**Directions:** Filter these records by the string "CrtYd", copying each line that holds it.

**Input data:**
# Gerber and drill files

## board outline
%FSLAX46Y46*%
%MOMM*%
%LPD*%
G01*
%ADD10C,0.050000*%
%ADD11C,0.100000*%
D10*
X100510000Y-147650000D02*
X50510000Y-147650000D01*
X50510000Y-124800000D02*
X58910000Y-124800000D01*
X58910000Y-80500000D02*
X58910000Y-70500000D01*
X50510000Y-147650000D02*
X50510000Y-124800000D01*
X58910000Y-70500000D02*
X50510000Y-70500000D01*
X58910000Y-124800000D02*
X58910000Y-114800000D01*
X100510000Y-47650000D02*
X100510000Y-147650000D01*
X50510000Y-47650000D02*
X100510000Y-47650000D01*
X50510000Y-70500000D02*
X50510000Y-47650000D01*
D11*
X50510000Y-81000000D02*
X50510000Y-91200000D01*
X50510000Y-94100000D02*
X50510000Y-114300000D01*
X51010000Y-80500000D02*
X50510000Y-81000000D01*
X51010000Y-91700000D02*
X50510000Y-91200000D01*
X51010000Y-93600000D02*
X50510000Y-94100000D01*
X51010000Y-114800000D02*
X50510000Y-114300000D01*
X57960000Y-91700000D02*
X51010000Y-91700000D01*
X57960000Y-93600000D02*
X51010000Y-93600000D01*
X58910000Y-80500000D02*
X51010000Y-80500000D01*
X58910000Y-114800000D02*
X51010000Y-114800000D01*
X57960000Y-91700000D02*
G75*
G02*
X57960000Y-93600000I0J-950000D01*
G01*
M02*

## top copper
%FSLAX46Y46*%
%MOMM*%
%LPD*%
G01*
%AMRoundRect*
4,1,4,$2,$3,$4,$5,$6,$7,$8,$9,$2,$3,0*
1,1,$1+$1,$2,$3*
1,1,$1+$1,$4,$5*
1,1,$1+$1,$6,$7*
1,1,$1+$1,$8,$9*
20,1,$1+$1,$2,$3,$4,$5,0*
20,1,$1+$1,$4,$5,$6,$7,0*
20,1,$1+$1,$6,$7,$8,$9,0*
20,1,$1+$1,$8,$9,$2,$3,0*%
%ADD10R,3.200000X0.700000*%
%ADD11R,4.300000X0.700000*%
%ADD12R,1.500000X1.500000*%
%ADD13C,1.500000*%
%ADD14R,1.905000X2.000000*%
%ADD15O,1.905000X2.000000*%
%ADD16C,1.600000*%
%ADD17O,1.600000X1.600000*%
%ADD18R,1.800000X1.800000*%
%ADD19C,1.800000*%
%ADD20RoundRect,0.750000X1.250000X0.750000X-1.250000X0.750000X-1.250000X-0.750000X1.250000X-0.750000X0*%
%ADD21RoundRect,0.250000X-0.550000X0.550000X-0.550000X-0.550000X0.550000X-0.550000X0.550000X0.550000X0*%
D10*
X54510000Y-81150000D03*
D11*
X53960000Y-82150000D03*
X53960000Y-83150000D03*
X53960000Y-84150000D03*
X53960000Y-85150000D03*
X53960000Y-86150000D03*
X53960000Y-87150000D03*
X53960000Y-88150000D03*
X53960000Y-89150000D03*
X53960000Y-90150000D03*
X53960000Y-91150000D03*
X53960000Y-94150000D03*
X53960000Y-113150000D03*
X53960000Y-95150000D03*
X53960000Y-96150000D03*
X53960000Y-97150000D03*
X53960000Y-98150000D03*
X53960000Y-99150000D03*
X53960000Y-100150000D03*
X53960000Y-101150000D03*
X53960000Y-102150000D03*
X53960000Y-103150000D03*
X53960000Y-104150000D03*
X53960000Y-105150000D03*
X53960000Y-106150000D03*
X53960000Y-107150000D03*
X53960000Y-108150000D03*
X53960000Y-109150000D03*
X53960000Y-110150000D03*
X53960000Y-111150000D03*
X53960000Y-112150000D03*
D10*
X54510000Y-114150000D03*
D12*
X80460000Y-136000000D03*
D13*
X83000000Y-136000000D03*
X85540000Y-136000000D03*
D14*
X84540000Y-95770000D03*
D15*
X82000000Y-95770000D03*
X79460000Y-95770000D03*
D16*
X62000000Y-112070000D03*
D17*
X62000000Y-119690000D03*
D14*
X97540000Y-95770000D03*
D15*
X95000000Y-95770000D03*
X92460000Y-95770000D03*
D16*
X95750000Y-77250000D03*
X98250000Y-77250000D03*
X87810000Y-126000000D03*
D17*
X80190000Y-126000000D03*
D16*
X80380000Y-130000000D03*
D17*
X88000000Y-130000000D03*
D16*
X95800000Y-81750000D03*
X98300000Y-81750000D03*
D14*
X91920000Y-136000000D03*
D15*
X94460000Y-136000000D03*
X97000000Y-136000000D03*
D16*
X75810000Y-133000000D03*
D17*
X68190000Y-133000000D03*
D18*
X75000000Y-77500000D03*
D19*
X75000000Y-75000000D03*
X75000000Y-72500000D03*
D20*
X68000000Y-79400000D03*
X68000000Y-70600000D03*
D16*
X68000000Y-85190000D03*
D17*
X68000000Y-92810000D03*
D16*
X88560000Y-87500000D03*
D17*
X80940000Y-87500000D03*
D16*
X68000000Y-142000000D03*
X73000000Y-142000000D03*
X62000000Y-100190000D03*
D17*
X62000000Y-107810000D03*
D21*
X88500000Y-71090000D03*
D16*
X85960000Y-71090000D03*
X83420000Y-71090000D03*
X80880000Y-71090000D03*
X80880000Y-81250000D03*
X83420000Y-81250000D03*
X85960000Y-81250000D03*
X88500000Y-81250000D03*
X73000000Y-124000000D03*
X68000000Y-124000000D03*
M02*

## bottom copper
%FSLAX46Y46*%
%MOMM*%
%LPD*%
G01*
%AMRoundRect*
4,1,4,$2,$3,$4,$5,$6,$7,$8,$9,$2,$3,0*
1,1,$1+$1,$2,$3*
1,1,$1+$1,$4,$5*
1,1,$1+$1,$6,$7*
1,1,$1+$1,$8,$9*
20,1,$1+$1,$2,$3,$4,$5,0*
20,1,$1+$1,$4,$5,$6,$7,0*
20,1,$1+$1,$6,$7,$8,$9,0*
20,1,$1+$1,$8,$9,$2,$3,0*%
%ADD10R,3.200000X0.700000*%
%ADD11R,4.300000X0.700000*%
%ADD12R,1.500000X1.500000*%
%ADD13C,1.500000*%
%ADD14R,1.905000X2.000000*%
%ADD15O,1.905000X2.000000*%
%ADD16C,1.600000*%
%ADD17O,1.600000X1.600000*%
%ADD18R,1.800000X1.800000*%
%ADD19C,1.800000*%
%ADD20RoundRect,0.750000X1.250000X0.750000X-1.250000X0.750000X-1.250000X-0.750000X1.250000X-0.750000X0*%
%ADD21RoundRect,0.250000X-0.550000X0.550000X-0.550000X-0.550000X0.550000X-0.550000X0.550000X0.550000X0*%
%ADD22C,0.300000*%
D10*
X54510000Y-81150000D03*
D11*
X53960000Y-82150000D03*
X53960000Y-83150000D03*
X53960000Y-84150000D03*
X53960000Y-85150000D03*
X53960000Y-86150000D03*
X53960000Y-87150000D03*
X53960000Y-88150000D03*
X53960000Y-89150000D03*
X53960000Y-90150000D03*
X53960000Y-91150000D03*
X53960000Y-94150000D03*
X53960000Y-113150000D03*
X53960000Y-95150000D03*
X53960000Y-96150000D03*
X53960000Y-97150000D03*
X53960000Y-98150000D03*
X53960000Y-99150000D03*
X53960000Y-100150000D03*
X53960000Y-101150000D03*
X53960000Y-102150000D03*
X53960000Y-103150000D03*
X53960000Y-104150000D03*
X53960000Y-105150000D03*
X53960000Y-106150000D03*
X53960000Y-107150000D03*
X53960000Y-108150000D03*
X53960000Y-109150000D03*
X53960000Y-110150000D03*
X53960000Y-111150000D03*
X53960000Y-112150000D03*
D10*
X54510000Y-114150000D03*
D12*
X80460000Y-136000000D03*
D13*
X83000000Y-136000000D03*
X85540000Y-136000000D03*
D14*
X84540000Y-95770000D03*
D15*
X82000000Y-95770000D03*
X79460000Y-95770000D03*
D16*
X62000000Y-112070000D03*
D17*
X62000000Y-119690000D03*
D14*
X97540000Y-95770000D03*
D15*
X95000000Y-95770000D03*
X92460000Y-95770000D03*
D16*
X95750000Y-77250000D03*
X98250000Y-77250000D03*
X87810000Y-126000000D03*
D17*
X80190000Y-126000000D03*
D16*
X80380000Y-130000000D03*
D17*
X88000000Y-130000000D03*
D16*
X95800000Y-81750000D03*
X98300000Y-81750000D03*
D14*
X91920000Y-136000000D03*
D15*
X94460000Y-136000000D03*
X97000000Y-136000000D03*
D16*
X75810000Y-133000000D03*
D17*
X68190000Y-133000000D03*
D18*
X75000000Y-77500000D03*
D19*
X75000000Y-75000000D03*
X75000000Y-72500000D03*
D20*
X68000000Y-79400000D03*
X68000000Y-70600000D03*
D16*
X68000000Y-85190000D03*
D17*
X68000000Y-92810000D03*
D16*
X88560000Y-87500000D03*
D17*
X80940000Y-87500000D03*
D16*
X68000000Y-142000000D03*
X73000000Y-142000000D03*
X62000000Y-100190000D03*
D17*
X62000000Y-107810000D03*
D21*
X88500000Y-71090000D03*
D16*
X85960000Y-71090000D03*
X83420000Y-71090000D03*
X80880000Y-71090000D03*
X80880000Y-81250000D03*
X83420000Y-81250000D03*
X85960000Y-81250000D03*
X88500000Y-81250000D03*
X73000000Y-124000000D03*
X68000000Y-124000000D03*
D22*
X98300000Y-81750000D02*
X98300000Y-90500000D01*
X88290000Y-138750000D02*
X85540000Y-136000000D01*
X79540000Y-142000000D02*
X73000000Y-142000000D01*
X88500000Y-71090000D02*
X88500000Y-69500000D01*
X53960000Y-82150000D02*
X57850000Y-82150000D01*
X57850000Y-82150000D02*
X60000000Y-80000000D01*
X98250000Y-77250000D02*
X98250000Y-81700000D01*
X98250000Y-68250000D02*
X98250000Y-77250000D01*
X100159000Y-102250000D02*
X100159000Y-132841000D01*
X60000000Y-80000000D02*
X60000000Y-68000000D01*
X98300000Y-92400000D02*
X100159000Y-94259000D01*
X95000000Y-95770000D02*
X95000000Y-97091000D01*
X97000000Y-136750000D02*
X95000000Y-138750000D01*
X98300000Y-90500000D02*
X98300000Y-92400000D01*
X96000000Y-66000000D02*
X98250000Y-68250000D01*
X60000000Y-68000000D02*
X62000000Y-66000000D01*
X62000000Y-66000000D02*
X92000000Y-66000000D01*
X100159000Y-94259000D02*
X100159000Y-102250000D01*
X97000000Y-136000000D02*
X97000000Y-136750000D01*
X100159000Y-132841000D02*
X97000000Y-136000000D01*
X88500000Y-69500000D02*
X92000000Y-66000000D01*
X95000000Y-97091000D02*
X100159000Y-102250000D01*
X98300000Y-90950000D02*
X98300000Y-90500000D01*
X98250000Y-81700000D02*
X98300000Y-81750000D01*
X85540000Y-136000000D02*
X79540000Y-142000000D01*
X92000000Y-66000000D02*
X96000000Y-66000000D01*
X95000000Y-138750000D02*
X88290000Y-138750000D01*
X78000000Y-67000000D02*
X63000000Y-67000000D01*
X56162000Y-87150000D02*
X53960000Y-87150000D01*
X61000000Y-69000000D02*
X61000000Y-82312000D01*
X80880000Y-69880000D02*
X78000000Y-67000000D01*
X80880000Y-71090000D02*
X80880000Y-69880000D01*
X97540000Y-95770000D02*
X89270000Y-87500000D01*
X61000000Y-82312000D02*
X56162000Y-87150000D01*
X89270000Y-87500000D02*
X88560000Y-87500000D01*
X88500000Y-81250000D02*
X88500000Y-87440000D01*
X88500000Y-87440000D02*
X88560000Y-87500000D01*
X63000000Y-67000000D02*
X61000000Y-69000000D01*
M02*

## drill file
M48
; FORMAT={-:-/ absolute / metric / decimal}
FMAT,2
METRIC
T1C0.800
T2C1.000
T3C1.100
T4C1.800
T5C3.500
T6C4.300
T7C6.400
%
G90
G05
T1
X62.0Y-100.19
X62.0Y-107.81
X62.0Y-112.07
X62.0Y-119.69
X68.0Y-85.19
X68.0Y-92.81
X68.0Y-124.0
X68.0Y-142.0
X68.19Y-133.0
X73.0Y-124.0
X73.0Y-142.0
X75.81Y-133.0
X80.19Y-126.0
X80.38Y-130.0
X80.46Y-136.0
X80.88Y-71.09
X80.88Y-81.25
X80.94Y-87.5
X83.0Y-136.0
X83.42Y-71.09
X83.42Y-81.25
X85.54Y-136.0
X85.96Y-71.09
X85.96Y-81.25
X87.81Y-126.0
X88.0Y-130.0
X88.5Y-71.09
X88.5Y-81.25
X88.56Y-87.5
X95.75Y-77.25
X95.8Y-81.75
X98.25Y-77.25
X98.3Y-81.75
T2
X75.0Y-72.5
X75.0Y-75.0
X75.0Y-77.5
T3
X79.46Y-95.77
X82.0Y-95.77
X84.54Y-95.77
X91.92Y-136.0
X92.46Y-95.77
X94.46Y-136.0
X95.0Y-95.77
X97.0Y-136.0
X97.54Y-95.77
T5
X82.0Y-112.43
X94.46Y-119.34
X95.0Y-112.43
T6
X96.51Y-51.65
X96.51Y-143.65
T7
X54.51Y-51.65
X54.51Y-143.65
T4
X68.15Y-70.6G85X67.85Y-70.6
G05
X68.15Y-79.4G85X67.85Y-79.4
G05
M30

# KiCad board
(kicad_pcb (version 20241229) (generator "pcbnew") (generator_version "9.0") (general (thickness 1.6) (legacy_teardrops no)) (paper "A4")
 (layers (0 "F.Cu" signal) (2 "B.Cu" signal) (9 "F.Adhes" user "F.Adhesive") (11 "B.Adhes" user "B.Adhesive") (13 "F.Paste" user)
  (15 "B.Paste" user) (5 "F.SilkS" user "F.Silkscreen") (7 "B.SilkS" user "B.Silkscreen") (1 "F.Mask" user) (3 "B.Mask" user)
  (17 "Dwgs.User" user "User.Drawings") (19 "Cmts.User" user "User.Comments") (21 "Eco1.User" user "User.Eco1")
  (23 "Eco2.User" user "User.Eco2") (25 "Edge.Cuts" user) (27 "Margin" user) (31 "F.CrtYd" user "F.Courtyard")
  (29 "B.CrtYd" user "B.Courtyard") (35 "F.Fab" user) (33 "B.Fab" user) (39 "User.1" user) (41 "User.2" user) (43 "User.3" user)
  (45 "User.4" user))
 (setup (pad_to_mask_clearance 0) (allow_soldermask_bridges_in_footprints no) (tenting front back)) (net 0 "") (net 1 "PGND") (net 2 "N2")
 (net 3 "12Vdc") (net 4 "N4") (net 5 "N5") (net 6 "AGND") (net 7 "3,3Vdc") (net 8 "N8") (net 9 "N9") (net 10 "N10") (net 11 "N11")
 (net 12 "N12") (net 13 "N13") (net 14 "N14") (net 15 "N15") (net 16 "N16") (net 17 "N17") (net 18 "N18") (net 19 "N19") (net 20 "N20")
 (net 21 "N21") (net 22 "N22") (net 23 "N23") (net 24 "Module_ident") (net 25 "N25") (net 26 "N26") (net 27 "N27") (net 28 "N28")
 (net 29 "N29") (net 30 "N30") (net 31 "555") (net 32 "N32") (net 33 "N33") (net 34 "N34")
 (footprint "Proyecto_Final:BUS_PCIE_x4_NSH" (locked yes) (layer "F.Cu") (at 53.96 81.15 -90)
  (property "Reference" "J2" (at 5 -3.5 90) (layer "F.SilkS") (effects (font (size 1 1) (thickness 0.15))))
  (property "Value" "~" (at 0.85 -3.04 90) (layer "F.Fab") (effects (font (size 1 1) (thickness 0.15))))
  (fp_line (start -0.15 3.45) (end 10.05 3.45) (stroke (width 0.1) (type solid)) (layer "Edge.Cuts"))
  (fp_line (start 12.95 3.45) (end 33.15 3.45) (stroke (width 0.1) (type solid)) (layer "Edge.Cuts"))
  (fp_line (start -0.65 2.95) (end -0.15 3.45) (stroke (width 0.1) (type solid)) (layer "Edge.Cuts"))
  (fp_line (start 10.55 2.95) (end 10.05 3.45) (stroke (width 0.1) (type solid)) (layer "Edge.Cuts"))
  (fp_line (start 12.45 2.95) (end 12.95 3.45) (stroke (width 0.1) (type solid)) (layer "Edge.Cuts"))
  (fp_line (start 33.65 2.95) (end 33.15 3.45) (stroke (width 0.1) (type solid)) (layer "Edge.Cuts"))
  (fp_line (start 10.55 -4) (end 10.55 2.95) (stroke (width 0.1) (type solid)) (layer "Edge.Cuts"))
  (fp_line (start 12.45 -4) (end 12.45 2.95) (stroke (width 0.1) (type solid)) (layer "Edge.Cuts"))
  (fp_line (start -0.65 -4.95) (end -0.65 2.95) (stroke (width 0.1) (type solid)) (layer "Edge.Cuts"))
  (fp_line (start 33.65 -4.95) (end 33.65 2.95) (stroke (width 0.1) (type solid)) (layer "Edge.Cuts"))
  (fp_arc (start 10.55 -4) (mid 11.5 -4.95) (end 12.45 -4) (stroke (width 0.1) (type solid)) (layer "Edge.Cuts"))
  (pad "1" connect rect (at 0 -0.55 270) (size 0.7 3.2) (layers "F.Cu" "F.Mask") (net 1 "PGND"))
  (pad "1" connect rect (at 0 -0.55 270) (size 0.7 3.2) (layers "B.Cu" "B.Mask") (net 1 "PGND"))
  (pad "2" connect rect (at 1 0 270) (size 0.7 4.3) (layers "F.Cu" "F.Mask") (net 1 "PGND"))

**Answer to this problem:**
  (23 "Eco2.User" user "User.Eco2") (25 "Edge.Cuts" user) (27 "Margin" user) (31 "F.CrtYd" user "F.Courtyard")
  (29 "B.CrtYd" user "B.Courtyard") (35 "F.Fab" user) (33 "B.Fab" user) (39 "User.1" user) (41 "User.2" user) (43 "User.3" user)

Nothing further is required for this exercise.